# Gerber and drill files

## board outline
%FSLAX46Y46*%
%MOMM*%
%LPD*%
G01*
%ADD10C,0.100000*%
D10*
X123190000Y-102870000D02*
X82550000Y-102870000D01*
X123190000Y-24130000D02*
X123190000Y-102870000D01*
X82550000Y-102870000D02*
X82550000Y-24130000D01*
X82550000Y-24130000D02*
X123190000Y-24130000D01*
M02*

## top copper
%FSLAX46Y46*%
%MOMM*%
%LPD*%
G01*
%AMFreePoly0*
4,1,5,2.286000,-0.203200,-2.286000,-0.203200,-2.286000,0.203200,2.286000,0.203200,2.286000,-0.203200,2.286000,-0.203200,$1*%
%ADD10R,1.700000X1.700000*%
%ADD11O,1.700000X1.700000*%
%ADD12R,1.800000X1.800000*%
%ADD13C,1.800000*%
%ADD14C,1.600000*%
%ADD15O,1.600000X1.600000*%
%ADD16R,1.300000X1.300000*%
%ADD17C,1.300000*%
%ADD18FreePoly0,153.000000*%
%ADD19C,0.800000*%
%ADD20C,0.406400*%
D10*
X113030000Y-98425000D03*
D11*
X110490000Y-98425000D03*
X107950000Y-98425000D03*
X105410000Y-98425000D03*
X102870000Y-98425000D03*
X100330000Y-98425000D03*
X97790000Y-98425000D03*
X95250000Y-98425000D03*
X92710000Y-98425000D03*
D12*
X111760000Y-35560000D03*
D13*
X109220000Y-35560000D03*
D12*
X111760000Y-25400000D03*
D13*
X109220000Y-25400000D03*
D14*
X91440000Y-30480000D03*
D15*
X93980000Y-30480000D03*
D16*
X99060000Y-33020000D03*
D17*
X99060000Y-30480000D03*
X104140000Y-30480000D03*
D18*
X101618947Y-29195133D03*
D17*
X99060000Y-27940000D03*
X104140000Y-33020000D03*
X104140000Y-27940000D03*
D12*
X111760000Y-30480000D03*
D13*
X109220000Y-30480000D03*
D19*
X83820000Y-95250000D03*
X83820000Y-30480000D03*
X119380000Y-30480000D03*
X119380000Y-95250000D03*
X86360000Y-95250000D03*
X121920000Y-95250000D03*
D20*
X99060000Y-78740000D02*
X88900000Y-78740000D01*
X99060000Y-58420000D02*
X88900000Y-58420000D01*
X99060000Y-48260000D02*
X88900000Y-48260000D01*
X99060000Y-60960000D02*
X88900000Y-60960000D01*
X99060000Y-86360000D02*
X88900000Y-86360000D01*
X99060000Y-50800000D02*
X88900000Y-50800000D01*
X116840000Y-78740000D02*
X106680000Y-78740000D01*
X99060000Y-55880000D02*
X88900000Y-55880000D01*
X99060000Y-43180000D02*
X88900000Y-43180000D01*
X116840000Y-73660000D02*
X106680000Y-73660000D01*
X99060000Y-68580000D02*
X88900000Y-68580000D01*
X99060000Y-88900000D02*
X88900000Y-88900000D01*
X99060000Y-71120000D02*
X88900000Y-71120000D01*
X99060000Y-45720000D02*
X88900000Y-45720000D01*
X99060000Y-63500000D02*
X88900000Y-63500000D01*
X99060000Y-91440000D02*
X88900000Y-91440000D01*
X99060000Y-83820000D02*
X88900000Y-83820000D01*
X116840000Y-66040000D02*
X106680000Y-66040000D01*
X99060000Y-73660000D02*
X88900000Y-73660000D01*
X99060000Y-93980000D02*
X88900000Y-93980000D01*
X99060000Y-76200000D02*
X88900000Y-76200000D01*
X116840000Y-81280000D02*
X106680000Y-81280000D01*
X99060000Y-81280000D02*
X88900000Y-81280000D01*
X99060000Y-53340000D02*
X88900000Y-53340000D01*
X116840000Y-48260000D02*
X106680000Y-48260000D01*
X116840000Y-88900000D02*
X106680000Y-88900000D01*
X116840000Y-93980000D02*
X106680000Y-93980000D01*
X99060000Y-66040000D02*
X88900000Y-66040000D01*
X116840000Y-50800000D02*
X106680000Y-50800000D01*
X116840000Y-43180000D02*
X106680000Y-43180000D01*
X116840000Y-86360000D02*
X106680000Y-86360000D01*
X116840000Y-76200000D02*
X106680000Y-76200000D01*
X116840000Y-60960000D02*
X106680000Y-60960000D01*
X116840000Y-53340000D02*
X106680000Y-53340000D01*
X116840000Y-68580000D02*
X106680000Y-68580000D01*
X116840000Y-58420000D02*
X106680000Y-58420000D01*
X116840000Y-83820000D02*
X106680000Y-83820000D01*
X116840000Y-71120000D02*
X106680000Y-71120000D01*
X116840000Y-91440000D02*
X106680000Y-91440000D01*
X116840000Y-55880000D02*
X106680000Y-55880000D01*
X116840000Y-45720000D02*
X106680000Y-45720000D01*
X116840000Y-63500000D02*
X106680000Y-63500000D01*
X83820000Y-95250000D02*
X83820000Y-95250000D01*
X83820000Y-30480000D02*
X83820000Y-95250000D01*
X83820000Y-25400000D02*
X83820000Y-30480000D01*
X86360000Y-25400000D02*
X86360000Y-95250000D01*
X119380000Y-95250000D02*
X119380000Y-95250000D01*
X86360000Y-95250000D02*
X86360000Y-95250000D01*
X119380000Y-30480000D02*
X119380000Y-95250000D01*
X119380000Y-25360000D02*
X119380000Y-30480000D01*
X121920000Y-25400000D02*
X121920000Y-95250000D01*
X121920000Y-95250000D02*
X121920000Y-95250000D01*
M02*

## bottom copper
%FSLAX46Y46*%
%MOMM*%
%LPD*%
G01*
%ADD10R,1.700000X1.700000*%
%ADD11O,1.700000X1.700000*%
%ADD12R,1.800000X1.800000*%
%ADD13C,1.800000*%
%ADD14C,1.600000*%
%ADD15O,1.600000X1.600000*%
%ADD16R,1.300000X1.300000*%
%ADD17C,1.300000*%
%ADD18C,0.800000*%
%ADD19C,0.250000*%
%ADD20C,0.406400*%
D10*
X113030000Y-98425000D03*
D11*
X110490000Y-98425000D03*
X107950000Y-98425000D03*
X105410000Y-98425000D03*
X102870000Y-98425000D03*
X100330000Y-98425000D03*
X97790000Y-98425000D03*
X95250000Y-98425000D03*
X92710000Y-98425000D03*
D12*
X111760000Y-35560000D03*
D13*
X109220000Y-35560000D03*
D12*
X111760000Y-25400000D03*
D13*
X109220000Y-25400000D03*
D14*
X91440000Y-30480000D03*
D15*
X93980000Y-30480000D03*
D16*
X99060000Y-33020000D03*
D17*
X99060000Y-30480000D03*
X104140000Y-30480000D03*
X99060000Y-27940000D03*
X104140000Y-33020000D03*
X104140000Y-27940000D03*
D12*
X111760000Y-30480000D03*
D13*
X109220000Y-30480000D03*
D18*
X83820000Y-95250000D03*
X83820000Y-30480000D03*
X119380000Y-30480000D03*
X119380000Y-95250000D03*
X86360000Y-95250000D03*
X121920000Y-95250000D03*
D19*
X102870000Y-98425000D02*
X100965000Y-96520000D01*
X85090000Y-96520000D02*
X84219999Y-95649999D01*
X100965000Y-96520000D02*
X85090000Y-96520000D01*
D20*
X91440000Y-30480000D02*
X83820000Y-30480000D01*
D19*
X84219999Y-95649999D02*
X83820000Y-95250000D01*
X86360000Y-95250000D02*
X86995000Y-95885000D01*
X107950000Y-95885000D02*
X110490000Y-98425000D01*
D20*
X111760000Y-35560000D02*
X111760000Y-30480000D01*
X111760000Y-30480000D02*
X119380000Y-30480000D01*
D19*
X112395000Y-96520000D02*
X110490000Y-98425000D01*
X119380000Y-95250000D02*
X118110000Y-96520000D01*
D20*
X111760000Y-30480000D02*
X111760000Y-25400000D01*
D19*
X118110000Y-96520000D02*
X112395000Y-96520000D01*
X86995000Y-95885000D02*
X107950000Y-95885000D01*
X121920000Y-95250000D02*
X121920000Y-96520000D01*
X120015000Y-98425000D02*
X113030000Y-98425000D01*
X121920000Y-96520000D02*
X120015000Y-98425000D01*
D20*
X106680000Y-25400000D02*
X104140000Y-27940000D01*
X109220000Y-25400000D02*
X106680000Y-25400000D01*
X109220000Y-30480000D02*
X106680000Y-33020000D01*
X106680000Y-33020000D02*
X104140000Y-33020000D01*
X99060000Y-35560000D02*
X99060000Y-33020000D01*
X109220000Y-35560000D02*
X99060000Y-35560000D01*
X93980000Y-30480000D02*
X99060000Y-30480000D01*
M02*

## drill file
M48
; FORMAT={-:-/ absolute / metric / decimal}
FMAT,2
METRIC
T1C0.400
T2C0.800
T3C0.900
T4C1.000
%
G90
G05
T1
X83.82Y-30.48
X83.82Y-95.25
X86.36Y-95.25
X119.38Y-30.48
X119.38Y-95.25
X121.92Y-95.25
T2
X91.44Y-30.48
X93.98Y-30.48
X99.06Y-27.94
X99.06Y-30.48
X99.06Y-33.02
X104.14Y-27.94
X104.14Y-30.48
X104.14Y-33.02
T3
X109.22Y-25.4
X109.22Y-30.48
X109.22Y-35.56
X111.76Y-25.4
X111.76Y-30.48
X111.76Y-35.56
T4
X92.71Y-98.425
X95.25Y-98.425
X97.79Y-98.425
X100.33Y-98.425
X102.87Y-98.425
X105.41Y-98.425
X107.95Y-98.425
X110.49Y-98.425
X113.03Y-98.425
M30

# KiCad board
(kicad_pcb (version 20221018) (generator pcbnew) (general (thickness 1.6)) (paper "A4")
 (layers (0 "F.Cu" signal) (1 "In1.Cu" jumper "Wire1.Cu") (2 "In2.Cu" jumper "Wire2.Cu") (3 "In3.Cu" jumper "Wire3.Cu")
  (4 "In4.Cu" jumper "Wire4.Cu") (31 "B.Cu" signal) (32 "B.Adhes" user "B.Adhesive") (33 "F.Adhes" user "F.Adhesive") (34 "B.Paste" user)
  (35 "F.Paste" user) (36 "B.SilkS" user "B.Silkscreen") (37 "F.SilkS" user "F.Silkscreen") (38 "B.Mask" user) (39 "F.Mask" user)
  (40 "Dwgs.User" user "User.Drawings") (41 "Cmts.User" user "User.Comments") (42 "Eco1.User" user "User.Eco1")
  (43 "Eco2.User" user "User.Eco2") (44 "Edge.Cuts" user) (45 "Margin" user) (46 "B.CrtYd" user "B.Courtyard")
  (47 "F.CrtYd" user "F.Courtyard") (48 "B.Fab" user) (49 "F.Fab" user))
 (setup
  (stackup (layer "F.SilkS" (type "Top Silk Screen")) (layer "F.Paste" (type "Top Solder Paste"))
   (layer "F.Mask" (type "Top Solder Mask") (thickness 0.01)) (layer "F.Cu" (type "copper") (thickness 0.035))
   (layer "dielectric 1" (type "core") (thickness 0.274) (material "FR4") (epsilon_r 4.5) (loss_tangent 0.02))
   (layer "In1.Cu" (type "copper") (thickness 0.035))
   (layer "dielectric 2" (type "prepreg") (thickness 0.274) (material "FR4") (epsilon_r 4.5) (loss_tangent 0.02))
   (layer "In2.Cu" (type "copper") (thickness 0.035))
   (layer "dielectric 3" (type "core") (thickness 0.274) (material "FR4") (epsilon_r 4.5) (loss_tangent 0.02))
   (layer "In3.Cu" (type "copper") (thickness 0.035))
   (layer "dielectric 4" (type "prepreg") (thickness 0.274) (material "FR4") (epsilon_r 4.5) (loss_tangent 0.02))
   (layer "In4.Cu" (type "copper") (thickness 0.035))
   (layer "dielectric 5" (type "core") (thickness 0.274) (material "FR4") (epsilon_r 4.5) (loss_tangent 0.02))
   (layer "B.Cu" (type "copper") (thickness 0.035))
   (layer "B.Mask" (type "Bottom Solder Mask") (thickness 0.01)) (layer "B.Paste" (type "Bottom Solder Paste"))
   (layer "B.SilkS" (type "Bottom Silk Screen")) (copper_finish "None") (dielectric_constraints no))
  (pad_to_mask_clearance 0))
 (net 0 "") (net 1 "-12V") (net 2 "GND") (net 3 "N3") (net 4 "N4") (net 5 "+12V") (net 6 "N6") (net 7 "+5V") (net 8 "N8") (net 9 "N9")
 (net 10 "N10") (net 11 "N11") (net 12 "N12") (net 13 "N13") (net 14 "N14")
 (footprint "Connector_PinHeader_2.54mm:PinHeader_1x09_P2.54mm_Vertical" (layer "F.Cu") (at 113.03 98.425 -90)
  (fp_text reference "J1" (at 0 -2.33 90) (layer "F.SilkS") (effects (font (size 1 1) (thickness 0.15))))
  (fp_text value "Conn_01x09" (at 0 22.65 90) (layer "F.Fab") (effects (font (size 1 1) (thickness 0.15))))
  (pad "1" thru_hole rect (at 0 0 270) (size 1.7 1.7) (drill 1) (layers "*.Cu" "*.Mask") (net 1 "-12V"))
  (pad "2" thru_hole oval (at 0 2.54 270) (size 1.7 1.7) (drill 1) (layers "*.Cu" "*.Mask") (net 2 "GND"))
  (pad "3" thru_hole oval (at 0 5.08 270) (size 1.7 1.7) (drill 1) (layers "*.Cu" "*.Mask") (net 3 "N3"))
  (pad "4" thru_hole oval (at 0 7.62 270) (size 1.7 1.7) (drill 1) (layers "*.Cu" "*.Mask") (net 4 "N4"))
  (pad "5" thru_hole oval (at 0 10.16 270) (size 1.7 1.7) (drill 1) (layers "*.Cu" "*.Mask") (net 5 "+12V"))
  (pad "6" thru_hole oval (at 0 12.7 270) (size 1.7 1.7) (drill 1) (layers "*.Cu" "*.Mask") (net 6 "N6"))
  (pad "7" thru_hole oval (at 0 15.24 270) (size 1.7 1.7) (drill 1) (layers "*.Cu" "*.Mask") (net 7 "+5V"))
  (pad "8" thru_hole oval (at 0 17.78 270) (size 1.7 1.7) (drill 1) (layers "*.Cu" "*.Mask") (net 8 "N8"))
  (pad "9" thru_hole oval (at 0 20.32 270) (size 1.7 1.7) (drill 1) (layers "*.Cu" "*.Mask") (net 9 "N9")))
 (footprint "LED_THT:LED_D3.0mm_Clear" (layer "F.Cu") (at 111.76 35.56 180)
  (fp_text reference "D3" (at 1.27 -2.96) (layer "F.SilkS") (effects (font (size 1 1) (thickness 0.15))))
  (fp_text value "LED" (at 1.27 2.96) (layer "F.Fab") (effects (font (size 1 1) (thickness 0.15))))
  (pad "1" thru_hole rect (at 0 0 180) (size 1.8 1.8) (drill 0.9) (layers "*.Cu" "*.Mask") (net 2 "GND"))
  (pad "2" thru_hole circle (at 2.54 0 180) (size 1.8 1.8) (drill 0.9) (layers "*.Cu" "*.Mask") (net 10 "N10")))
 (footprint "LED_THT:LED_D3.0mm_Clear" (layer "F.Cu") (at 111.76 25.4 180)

============================================================

**Try it:**
What is needed is an exact copy of the lines above, from the one containing "X88900000Y-45720000D01*" through the one containing "X99060000Y-76200000D02*", with nothing added.

**Reply:**
X88900000Y-45720000D01*
X99060000Y-63500000D02*
X88900000Y-63500000D01*
X99060000Y-91440000D02*
X88900000Y-91440000D01*
X99060000Y-83820000D02*
X88900000Y-83820000D01*
X116840000Y-66040000D02*
X106680000Y-66040000D01*
X99060000Y-73660000D02*
X88900000Y-73660000D01*
X99060000Y-93980000D02*
X88900000Y-93980000D01*
X99060000Y-76200000D02*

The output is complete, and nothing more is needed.